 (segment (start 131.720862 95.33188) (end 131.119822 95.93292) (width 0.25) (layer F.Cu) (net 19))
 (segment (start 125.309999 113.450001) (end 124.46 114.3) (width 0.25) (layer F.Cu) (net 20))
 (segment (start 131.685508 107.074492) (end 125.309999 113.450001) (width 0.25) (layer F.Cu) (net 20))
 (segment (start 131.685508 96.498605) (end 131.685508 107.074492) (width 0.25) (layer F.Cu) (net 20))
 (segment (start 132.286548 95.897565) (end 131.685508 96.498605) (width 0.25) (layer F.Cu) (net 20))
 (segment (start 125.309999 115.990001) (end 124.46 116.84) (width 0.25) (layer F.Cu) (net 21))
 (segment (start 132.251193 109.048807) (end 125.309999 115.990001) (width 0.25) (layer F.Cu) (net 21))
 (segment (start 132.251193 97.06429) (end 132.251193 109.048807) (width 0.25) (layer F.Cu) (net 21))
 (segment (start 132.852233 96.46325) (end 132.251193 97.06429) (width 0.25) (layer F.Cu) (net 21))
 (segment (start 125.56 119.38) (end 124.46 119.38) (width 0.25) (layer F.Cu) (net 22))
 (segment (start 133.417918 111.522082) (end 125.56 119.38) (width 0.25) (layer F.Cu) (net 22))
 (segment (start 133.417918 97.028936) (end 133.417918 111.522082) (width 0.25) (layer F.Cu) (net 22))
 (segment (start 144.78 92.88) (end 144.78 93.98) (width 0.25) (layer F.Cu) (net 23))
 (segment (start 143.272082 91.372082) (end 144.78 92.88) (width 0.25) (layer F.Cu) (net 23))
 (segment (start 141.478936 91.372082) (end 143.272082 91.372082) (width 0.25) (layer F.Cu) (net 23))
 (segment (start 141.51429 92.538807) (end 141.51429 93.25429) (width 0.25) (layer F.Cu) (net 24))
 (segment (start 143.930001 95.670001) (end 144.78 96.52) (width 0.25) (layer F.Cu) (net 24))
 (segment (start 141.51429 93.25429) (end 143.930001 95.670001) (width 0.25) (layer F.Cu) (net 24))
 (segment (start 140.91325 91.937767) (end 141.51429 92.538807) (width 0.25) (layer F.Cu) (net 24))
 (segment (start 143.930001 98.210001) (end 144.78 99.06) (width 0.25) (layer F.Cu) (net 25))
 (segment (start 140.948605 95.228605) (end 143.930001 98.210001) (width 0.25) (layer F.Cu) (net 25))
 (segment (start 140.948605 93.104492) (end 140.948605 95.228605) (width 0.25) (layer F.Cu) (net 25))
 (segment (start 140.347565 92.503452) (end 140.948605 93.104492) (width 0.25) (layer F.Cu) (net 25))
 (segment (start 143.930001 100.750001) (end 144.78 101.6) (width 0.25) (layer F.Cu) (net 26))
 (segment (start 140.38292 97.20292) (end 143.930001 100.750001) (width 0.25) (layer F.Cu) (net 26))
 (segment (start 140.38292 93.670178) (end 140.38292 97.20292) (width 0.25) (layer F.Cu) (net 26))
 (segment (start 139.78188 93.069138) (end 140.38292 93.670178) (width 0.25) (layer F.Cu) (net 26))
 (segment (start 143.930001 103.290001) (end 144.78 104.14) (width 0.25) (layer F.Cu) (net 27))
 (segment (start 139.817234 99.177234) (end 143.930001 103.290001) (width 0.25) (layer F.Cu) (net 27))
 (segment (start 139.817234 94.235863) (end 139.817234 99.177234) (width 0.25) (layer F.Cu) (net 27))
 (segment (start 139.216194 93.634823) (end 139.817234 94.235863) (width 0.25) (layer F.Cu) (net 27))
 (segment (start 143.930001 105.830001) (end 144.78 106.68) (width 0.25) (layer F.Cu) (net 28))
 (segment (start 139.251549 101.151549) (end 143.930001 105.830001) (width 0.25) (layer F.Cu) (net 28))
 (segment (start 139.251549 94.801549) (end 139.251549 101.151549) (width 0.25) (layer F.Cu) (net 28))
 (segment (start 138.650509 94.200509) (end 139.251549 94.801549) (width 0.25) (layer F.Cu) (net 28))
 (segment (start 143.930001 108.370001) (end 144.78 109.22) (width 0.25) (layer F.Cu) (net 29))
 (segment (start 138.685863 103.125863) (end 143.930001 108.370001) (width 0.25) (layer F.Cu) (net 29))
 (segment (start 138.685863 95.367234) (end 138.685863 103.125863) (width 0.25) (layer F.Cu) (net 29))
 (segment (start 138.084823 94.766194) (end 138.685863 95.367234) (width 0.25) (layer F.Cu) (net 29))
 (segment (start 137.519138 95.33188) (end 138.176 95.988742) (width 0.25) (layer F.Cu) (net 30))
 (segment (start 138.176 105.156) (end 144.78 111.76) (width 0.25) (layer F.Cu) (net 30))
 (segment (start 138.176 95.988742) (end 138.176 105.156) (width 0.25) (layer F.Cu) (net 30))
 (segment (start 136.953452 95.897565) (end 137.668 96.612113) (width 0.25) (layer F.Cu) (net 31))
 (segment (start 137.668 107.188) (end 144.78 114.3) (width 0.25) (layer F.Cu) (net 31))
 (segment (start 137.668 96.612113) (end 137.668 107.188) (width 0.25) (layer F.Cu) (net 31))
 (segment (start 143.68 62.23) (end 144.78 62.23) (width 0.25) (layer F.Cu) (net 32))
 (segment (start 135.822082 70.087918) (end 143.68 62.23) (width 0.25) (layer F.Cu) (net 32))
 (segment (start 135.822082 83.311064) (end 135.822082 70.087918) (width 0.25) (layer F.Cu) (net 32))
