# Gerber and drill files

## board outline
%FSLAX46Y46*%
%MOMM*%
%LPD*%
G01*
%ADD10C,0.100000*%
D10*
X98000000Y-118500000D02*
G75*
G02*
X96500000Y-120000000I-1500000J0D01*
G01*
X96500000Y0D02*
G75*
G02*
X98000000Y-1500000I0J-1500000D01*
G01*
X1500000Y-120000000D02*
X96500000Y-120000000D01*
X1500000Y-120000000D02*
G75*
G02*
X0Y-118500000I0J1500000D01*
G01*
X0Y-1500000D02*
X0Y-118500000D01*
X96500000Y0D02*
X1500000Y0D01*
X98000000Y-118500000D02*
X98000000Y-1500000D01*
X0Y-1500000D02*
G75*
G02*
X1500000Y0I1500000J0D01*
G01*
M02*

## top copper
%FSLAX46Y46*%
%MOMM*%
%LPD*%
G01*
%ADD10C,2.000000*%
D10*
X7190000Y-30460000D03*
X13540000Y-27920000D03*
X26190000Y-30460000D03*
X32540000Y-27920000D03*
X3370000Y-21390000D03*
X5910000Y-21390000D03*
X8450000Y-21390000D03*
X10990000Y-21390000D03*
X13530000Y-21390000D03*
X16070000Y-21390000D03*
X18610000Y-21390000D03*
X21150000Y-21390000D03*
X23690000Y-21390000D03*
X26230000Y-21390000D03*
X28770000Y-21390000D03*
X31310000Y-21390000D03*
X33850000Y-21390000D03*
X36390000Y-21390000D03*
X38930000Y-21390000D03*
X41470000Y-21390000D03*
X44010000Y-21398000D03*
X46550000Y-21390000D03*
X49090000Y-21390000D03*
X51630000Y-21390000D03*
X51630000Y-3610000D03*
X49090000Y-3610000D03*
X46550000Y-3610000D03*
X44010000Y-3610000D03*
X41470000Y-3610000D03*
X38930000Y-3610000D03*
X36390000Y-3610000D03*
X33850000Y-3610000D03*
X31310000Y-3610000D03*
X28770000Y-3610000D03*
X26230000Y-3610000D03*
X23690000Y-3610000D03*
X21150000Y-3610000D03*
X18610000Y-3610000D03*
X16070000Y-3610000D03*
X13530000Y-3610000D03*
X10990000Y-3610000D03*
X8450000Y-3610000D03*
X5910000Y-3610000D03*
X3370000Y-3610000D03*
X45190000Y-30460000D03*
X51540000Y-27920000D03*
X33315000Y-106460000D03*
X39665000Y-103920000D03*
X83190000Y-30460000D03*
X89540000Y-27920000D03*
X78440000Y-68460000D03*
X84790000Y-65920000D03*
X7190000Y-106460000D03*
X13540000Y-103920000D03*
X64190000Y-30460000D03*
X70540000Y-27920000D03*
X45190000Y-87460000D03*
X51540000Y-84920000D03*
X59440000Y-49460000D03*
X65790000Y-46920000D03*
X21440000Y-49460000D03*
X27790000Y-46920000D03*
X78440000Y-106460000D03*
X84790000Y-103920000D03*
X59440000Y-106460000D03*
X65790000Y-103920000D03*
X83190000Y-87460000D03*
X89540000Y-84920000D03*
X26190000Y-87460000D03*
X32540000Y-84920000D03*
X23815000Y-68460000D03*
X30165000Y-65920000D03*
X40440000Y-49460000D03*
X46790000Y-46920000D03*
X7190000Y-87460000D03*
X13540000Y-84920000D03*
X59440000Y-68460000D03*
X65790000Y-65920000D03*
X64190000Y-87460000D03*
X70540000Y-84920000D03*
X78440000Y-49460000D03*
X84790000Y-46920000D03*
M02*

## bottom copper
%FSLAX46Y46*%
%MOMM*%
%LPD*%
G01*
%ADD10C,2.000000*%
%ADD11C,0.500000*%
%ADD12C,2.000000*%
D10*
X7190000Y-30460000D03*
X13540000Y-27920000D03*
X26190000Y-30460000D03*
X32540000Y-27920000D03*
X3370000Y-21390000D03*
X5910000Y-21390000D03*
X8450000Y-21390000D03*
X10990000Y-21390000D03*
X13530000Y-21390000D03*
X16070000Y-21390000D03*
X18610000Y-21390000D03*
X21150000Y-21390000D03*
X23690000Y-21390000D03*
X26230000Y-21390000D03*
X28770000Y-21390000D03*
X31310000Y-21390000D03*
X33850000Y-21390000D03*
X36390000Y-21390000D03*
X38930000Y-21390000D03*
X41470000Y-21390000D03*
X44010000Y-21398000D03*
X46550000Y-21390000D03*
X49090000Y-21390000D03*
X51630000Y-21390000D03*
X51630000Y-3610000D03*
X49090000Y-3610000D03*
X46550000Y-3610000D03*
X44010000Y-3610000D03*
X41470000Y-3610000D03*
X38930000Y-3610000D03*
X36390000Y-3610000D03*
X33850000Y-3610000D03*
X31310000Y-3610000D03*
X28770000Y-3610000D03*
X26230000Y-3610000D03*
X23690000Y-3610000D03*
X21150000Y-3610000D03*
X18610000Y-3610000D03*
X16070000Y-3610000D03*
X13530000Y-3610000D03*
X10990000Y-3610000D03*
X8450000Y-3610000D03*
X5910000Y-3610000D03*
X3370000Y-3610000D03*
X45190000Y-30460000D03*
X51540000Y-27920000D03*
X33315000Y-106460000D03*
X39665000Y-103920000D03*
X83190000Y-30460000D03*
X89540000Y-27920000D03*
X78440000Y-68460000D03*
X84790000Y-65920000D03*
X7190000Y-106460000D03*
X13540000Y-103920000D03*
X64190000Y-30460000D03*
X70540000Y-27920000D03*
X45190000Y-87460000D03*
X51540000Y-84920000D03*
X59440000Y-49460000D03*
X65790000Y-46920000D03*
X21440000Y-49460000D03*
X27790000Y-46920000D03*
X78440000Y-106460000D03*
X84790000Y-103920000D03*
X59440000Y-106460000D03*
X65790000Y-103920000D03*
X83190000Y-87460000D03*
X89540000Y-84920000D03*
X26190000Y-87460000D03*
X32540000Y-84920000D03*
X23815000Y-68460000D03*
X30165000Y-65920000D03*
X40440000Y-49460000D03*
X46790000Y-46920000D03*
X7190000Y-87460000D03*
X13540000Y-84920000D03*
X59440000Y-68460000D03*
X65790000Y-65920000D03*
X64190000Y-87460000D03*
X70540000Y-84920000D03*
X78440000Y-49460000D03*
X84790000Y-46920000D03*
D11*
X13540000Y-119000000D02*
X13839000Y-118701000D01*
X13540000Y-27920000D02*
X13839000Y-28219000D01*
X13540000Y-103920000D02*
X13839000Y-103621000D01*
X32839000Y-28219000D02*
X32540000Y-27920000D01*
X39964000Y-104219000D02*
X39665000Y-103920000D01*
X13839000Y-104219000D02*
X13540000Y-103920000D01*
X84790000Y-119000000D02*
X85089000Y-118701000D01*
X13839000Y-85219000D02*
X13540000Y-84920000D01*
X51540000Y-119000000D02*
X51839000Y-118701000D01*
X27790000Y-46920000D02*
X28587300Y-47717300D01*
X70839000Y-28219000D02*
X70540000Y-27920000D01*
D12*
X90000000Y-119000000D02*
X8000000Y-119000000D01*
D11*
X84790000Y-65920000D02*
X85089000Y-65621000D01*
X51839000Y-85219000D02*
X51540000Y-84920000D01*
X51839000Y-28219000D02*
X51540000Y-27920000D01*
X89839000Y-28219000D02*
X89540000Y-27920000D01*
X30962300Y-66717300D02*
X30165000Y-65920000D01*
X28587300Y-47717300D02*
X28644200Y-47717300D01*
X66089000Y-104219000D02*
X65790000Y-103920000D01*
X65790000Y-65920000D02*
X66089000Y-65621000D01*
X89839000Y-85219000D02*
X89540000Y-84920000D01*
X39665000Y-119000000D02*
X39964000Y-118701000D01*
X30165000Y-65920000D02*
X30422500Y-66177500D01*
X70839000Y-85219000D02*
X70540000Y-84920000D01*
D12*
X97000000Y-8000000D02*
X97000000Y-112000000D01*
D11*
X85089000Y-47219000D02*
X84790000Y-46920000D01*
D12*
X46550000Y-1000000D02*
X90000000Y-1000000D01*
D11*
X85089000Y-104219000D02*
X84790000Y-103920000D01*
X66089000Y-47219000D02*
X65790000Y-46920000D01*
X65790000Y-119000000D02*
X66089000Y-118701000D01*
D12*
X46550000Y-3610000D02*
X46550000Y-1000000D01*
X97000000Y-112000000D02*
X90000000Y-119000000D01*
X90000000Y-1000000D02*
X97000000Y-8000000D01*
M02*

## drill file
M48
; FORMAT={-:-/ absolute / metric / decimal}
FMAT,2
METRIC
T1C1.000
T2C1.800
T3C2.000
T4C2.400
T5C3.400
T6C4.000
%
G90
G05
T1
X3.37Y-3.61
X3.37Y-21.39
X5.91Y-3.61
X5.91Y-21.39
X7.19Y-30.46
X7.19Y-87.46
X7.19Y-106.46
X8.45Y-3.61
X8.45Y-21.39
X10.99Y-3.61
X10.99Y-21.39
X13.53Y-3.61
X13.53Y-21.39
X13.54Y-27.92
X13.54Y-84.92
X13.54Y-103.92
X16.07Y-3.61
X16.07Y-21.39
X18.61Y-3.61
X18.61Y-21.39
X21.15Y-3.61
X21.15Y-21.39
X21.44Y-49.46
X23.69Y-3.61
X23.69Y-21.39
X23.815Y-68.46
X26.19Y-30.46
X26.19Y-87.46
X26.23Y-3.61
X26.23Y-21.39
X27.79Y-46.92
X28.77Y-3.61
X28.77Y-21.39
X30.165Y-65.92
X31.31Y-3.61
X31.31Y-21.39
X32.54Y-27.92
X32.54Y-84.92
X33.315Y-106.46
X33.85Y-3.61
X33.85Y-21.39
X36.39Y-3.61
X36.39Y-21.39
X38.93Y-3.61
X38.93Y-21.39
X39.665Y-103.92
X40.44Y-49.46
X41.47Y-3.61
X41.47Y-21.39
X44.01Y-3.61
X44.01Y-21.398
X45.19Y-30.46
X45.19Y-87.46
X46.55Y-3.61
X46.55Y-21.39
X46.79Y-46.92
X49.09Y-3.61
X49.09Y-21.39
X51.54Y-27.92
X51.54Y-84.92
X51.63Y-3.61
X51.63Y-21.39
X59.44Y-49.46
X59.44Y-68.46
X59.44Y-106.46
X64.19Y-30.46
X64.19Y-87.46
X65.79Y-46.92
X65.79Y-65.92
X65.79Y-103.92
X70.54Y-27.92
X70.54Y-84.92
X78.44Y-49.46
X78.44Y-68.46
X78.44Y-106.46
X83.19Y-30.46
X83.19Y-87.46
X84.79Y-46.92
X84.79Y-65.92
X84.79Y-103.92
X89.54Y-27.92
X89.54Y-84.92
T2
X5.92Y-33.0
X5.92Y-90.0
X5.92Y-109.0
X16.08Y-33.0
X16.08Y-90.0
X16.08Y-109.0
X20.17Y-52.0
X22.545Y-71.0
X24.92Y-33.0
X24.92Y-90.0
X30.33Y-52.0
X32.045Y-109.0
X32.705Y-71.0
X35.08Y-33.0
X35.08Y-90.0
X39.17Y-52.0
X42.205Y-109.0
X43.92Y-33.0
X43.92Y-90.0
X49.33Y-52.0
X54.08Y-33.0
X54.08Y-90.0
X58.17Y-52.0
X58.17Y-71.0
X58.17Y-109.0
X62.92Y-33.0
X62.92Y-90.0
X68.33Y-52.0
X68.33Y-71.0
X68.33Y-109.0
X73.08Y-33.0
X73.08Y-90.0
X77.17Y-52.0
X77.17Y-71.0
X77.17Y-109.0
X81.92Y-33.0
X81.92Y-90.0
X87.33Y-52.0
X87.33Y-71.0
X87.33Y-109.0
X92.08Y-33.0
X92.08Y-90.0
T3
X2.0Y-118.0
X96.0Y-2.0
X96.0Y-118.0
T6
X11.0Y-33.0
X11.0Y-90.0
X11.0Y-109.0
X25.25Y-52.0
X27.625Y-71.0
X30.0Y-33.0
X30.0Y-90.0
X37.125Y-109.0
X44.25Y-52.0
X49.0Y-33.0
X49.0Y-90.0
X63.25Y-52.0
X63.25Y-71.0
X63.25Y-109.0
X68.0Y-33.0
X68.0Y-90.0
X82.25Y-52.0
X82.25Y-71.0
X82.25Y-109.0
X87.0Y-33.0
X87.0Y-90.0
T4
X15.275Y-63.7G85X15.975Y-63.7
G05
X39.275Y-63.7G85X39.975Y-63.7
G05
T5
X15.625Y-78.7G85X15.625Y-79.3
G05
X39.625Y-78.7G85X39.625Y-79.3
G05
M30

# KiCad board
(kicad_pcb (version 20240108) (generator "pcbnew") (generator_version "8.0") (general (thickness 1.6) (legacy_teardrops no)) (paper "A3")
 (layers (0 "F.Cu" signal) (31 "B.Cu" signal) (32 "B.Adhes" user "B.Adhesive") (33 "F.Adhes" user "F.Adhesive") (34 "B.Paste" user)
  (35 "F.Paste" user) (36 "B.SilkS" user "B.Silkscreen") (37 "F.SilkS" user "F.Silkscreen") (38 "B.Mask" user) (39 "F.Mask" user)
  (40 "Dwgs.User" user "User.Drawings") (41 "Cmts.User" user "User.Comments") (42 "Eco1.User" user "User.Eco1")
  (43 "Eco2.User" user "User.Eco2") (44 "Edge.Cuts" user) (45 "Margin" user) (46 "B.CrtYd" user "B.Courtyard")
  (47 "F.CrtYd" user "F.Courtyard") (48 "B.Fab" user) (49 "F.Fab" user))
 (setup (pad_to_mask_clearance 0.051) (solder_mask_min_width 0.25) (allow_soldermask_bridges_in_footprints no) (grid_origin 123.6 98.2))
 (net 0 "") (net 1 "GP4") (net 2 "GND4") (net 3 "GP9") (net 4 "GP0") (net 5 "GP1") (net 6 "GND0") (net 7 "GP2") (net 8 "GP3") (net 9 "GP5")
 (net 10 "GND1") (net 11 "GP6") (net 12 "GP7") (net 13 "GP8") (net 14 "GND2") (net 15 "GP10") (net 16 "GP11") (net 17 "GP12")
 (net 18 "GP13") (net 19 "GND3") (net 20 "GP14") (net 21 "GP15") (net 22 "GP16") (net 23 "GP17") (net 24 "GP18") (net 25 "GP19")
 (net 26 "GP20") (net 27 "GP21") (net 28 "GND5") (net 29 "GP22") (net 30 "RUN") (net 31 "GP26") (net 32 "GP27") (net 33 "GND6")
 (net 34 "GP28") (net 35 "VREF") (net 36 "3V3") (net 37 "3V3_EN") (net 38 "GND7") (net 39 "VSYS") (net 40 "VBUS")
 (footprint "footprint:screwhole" (layer "F.Cu") (at 96 2)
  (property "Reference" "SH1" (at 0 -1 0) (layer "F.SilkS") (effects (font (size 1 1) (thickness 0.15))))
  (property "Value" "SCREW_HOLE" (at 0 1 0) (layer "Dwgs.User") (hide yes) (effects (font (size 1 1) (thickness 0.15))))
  (pad "" np_thru_hole circle (at 0 0) (size 2 2) (drill 2) (layers "*.Cu" "*.Mask")))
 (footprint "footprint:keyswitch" (layer "F.Cu") (at 11 33)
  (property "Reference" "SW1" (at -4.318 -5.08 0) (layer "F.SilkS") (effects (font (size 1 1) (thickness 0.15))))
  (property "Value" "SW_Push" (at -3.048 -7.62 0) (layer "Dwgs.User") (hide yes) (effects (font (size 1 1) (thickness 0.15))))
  (pad "" np_thru_hole circle (at -5.08 0) (size 1.8 1.8) (drill 1.8) (layers "*.Cu" "*.Mask"))
  (pad "" np_thru_hole circle (at 0 0) (size 4 4) (drill 4) (layers "*.Cu" "*.Mask"))
  (pad "" np_thru_hole circle (at 5.08 0) (size 1.8 1.8) (drill 1.8) (layers "*.Cu" "*.Mask"))
  (pad "1" thru_hole circle (at -3.81 -2.54) (size 2 2) (drill 1) (layers "*.Cu" "*.Mask") (remove_unused_layers no) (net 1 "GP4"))
  (pad "2" thru_hole circle (at 2.54 -5.08) (size 2 2) (drill 1) (layers "*.Cu" "*.Mask") (remove_unused_layers no) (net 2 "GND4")))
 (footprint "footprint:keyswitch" (layer "F.Cu") (at 30 33)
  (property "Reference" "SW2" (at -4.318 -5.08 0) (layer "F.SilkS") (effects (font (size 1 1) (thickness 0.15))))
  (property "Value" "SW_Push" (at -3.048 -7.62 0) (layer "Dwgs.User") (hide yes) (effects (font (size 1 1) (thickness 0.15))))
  (pad "" np_thru_hole circle (at -5.08 0) (size 1.8 1.8) (drill 1.8) (layers "*.Cu" "*.Mask"))
  (pad "" np_thru_hole circle (at 0 0) (size 4 4) (drill 4) (layers "*.Cu" "*.Mask"))
  (pad "" np_thru_hole circle (at 5.08 0) (size 1.8 1.8) (drill 1.8) (layers "*.Cu" "*.Mask"))
  (pad "1" thru_hole circle (at -3.81 -2.54) (size 2 2) (drill 1) (layers "*.Cu" "*.Mask") (remove_unused_layers no) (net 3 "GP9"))
  (pad "2" thru_hole circle (at 2.54 -5.08) (size 2 2) (drill 1) (layers "*.Cu" "*.Mask") (remove_unused_layers no) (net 2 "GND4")))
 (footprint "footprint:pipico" (layer "F.Cu") (at 27.5 12.5)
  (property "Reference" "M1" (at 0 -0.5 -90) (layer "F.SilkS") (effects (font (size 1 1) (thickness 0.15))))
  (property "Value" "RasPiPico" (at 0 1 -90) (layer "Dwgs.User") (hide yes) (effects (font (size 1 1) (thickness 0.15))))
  (pad "1" thru_hole circle (at -24.13 8.89 270) (size 2 2) (drill 1) (layers "*.Cu" "*.Mask") (remove_unused_layers no) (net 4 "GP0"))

Problem to solve — Starting at the line that has "X54.08Y-33.0" in the records above, restate word for word every line until the one that has "X11.0Y-109.0", and include that one as well.

Reply —
X54.08Y-33.0
X54.08Y-90.0
X58.17Y-52.0
X58.17Y-71.0
X58.17Y-109.0
X62.92Y-33.0
X62.92Y-90.0
X68.33Y-52.0
X68.33Y-71.0
X68.33Y-109.0
X73.08Y-33.0
X73.08Y-90.0
X77.17Y-52.0
X77.17Y-71.0
X77.17Y-109.0
X81.92Y-33.0
X81.92Y-90.0
X87.33Y-52.0
X87.33Y-71.0
X87.33Y-109.0
X92.08Y-33.0
X92.08Y-90.0
T3
X2.0Y-118.0
X96.0Y-2.0
X96.0Y-118.0
T6
X11.0Y-33.0
X11.0Y-90.0
X11.0Y-109.0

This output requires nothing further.